(Records excerpted from a collection)
/---

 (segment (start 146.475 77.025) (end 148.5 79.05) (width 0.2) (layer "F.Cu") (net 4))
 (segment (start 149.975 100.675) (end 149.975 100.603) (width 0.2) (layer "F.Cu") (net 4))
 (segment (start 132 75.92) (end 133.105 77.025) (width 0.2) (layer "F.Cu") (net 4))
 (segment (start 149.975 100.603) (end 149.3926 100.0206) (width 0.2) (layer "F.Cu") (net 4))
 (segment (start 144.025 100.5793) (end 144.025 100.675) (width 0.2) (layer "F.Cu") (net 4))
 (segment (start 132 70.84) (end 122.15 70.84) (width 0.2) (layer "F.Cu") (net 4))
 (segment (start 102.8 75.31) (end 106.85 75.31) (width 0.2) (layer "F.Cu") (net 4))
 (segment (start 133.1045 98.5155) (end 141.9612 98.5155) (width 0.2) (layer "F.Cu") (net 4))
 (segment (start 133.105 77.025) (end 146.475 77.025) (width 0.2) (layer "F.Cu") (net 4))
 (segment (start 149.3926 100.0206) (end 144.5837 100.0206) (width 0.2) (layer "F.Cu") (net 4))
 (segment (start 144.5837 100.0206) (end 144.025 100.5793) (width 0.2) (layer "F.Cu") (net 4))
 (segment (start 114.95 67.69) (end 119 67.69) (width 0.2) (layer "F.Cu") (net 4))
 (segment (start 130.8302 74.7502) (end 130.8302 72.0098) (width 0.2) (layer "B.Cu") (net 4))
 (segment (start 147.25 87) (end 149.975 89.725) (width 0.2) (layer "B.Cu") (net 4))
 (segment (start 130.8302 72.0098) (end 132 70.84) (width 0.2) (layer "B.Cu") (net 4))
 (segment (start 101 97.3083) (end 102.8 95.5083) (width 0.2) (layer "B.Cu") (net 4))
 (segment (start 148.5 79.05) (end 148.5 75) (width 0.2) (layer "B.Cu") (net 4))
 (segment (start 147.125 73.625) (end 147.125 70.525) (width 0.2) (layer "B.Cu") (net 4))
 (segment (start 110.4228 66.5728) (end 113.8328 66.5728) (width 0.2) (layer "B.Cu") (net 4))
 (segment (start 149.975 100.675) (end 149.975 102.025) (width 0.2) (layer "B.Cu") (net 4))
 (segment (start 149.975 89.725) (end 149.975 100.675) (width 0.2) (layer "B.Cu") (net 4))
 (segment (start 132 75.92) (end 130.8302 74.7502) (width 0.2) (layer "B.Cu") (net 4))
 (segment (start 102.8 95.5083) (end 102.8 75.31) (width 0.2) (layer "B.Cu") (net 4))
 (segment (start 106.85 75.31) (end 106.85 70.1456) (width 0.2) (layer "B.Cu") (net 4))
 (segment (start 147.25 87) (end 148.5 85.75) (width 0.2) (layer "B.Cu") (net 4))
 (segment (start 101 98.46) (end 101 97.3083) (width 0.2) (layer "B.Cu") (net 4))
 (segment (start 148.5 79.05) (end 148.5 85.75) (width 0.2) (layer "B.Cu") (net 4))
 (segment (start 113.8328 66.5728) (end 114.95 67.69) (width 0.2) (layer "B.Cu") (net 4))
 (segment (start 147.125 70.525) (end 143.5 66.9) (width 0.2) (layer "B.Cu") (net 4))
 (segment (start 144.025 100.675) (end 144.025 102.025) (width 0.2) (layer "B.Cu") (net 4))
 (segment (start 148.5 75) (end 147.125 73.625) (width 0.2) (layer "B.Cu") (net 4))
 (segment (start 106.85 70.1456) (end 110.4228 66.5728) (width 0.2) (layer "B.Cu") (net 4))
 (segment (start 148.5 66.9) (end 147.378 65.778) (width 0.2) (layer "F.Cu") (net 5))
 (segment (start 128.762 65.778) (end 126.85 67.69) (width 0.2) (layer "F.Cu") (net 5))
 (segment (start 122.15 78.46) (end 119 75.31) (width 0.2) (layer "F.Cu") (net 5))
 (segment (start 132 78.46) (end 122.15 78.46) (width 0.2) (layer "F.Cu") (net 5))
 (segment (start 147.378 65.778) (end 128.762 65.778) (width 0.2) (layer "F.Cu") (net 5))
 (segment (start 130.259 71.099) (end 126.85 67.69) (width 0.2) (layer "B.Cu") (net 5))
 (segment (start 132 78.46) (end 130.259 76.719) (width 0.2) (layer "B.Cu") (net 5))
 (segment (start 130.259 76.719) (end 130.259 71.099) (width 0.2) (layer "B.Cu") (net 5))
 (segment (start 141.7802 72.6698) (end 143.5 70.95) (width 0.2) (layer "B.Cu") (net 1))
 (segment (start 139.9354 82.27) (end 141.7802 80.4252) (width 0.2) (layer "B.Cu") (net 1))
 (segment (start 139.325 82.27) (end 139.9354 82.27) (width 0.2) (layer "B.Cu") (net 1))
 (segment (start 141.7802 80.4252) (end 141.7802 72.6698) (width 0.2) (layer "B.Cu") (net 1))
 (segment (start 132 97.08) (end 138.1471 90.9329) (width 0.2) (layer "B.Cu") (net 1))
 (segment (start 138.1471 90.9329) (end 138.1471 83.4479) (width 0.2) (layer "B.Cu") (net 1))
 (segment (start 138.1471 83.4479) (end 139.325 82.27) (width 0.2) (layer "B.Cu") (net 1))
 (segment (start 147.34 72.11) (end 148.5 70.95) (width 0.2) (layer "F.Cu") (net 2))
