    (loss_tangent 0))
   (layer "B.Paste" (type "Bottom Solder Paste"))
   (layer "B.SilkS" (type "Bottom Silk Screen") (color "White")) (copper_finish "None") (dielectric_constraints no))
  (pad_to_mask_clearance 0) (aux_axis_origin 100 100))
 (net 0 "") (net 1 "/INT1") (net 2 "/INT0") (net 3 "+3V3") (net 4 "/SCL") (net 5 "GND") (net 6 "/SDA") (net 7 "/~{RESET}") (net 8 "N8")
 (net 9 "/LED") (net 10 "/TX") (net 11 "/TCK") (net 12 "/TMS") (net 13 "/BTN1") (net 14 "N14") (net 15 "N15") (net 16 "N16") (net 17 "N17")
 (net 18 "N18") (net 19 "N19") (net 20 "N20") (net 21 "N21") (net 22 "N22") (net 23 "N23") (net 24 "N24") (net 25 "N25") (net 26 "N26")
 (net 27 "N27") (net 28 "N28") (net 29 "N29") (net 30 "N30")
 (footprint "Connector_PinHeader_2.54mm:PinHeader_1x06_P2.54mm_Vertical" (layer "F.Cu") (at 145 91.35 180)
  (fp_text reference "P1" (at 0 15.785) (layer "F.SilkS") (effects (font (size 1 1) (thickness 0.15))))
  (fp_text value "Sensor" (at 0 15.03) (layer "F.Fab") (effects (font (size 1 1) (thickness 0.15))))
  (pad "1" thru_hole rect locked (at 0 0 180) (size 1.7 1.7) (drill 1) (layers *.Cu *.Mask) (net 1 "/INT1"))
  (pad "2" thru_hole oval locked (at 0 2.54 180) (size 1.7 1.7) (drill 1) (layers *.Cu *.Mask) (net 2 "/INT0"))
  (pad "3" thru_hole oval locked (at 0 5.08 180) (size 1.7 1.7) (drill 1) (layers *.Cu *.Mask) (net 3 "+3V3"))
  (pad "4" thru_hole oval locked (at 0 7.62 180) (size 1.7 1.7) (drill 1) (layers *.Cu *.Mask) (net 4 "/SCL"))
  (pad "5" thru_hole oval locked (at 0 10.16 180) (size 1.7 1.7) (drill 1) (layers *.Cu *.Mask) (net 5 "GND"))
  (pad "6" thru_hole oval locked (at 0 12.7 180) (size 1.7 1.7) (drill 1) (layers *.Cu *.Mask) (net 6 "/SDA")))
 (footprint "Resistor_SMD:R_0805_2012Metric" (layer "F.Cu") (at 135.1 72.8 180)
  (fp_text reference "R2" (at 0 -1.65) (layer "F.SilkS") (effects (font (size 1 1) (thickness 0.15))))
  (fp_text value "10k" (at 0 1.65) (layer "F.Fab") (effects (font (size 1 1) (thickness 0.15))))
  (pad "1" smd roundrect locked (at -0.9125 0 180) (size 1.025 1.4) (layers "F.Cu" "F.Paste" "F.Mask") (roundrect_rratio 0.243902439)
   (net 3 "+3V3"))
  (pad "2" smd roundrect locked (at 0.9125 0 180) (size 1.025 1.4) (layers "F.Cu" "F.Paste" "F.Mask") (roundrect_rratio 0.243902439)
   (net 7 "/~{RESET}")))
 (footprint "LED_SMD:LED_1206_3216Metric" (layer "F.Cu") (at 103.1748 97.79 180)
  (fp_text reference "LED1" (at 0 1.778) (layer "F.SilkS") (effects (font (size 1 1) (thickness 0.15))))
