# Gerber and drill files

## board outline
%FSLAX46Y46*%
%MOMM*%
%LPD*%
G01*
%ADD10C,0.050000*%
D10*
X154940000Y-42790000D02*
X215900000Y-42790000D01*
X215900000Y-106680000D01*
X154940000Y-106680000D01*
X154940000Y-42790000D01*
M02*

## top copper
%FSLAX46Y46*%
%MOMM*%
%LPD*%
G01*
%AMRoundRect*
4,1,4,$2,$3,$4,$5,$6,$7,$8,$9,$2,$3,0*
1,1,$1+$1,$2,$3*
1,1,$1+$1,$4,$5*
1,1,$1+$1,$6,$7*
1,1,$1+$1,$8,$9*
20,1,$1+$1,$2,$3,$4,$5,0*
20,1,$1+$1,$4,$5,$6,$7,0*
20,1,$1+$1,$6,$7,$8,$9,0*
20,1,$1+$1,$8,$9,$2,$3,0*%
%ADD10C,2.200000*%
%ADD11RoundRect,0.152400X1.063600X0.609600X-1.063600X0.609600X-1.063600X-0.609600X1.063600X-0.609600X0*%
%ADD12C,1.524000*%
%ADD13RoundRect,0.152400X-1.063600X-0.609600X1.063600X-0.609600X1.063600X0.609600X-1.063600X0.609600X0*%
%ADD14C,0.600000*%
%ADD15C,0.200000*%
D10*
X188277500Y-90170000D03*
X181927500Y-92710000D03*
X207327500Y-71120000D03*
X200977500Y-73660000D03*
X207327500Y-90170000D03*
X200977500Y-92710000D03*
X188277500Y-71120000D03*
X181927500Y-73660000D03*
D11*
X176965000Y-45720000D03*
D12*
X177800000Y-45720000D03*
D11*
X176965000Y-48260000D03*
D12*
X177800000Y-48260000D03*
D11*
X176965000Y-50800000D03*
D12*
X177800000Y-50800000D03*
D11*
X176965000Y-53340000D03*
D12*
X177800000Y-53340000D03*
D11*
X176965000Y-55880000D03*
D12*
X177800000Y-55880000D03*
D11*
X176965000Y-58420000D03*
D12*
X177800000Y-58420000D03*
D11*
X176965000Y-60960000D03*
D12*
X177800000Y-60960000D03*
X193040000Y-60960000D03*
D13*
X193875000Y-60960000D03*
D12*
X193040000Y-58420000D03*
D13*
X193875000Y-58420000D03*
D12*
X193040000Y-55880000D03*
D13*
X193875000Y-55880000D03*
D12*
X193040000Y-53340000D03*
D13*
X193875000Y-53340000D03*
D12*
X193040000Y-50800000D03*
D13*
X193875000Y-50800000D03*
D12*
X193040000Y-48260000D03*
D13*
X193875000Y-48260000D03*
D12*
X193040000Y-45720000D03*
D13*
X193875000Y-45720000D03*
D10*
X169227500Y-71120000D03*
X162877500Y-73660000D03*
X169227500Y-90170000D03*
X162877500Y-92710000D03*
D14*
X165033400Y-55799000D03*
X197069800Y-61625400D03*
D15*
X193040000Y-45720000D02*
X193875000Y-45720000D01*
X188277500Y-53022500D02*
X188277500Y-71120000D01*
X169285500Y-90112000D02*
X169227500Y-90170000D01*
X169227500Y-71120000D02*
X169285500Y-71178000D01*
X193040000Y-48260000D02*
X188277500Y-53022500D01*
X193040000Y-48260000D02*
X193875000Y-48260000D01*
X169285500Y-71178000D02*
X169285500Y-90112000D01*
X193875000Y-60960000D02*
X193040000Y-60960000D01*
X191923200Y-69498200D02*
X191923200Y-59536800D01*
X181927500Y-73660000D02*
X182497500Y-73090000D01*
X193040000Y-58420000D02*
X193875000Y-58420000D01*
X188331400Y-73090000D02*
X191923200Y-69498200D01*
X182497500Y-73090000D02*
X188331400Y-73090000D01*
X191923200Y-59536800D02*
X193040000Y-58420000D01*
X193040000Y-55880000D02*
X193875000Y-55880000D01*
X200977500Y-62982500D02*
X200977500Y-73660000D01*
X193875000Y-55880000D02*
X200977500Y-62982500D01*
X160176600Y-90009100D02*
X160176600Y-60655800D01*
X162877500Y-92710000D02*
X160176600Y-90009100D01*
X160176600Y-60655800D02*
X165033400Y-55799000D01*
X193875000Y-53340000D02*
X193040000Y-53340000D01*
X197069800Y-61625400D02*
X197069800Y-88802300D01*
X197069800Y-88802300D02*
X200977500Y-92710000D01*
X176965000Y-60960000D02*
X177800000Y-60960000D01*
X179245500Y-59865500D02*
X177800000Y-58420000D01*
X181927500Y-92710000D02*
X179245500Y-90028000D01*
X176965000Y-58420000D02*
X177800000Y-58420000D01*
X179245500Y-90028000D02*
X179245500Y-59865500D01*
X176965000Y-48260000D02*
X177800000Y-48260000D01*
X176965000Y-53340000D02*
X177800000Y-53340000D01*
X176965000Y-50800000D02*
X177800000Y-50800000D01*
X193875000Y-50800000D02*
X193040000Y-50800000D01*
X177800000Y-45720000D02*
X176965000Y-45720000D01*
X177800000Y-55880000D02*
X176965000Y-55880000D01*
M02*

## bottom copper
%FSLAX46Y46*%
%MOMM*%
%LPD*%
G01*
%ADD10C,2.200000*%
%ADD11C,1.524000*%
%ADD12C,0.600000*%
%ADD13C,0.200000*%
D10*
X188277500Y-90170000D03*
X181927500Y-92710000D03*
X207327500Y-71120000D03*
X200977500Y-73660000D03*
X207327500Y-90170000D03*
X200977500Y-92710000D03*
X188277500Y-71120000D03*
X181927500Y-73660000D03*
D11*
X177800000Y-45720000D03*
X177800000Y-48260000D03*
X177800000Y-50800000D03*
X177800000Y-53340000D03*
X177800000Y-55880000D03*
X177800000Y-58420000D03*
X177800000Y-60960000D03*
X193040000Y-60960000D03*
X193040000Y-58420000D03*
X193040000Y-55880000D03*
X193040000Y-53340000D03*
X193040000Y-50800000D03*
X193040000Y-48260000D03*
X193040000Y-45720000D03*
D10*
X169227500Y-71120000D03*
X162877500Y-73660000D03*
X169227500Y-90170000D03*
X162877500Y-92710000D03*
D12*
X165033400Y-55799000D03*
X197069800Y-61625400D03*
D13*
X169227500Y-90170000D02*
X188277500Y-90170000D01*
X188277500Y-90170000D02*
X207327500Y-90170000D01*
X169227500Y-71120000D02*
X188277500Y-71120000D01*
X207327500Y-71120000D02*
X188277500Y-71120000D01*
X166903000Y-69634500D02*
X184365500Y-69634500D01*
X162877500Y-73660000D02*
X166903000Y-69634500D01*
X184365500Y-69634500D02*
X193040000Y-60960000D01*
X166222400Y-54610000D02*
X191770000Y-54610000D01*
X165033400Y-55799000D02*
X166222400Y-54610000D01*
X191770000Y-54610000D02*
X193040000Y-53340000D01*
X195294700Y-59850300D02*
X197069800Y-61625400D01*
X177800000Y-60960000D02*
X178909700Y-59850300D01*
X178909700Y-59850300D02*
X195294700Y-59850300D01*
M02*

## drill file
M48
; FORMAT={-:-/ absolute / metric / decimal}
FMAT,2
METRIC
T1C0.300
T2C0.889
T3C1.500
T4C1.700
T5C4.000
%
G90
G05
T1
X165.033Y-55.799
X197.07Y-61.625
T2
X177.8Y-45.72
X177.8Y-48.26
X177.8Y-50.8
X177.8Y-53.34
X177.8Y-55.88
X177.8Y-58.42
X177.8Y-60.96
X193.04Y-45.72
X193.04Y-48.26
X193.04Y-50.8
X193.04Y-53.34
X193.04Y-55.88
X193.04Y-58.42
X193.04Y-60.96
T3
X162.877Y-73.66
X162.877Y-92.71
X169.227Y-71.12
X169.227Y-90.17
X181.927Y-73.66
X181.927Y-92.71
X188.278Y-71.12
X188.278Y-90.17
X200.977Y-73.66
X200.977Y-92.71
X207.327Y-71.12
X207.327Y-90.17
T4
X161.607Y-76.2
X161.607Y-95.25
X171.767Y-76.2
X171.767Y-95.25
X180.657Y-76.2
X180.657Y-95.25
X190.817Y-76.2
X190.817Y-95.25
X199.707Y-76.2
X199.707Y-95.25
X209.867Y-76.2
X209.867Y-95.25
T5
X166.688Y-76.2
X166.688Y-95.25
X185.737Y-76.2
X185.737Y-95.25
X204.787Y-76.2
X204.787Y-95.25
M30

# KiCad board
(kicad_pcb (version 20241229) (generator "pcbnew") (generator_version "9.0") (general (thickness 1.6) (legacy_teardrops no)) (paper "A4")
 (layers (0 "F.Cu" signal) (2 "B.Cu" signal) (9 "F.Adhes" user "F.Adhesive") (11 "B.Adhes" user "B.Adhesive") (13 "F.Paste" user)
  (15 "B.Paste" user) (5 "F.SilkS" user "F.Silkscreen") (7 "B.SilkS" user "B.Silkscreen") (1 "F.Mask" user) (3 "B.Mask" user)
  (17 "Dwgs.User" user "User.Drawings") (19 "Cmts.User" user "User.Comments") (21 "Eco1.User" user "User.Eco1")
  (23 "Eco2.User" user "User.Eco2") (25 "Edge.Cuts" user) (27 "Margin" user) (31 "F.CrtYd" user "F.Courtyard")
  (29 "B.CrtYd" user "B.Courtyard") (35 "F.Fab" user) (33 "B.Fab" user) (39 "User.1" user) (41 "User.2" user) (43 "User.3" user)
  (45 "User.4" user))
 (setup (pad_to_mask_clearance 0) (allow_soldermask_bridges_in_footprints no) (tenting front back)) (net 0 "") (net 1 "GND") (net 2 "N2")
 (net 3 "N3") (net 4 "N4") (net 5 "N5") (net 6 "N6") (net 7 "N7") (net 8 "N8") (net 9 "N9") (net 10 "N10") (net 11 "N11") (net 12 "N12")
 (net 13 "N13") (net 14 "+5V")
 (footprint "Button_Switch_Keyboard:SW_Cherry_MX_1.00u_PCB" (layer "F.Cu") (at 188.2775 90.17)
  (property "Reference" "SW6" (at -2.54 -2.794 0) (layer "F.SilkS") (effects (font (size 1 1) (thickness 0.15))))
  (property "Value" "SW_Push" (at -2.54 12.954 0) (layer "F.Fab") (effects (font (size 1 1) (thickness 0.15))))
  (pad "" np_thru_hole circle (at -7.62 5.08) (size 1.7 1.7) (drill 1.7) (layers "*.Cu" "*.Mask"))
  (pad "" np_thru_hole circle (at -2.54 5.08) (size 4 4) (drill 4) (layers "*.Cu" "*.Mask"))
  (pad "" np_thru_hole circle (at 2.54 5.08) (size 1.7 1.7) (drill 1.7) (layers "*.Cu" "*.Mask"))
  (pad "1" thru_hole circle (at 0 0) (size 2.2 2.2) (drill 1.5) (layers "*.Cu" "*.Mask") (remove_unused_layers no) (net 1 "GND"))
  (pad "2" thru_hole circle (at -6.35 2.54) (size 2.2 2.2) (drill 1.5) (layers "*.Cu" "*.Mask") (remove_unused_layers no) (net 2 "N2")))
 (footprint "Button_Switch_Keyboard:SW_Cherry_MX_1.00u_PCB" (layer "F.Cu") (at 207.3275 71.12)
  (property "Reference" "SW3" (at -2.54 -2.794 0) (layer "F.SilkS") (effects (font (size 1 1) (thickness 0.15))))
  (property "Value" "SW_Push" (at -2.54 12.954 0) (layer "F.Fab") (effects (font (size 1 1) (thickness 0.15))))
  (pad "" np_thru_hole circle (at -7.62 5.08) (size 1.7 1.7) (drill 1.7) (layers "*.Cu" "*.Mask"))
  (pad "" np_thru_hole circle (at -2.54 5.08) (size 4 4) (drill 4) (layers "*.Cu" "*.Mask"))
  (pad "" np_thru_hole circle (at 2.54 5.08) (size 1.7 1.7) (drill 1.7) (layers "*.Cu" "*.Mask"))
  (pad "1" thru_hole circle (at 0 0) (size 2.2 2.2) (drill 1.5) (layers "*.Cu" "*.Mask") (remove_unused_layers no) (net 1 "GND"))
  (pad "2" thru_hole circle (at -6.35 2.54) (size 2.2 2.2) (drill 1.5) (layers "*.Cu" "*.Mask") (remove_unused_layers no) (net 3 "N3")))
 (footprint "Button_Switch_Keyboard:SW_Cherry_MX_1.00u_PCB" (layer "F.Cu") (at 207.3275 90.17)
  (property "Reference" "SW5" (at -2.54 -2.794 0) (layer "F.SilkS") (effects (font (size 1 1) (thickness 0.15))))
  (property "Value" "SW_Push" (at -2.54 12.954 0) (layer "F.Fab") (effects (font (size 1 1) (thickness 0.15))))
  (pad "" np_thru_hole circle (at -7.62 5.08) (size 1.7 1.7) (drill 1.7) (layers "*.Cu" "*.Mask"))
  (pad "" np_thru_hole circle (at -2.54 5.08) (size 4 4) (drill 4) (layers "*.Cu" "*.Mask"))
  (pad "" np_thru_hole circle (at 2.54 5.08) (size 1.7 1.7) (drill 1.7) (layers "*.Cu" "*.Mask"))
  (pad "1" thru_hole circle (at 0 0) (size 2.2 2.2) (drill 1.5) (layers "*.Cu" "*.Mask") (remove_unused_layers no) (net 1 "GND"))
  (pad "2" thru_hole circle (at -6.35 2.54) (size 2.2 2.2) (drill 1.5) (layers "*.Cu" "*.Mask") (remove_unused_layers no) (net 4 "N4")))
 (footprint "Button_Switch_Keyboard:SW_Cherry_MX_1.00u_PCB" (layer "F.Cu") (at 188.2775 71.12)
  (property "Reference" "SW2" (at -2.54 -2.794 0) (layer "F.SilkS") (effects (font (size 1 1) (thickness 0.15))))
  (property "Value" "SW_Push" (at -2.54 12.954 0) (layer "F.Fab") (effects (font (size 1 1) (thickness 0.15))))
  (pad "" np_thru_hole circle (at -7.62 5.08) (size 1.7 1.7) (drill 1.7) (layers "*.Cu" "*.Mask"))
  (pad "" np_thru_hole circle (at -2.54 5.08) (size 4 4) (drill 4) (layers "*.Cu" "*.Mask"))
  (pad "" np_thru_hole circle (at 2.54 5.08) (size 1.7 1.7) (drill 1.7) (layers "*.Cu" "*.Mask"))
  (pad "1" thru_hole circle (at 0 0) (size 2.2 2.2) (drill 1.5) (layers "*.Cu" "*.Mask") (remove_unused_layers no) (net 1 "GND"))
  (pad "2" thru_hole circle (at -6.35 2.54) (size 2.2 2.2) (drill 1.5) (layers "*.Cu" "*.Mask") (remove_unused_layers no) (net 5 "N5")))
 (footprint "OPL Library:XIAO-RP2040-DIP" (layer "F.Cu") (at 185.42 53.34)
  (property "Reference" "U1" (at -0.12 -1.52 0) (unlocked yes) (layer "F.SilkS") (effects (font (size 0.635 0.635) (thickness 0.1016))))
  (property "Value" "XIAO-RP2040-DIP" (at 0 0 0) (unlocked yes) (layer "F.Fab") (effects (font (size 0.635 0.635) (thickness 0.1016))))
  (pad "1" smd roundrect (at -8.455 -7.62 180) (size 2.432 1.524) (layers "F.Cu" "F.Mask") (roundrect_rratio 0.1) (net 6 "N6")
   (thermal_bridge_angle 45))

\---

EXERCISE DESCRIPTION:
Restate verbatim the first line above and all lines after it through the line containing "(segment (start 149.975 100.603)"; omit the rest.

ANSWER AREA:
 (segment (start 146.475 77.025) (end 148.5 79.05) (width 0.2) (layer "F.Cu") (net 4))
 (segment (start 149.975 100.675) (end 149.975 100.603) (width 0.2) (layer "F.Cu") (net 4))
 (segment (start 132 75.92) (end 133.105 77.025) (width 0.2) (layer "F.Cu") (net 4))
 (segment (start 149.975 100.603) (end 149.3926 100.0206) (width 0.2) (layer "F.Cu") (net 4))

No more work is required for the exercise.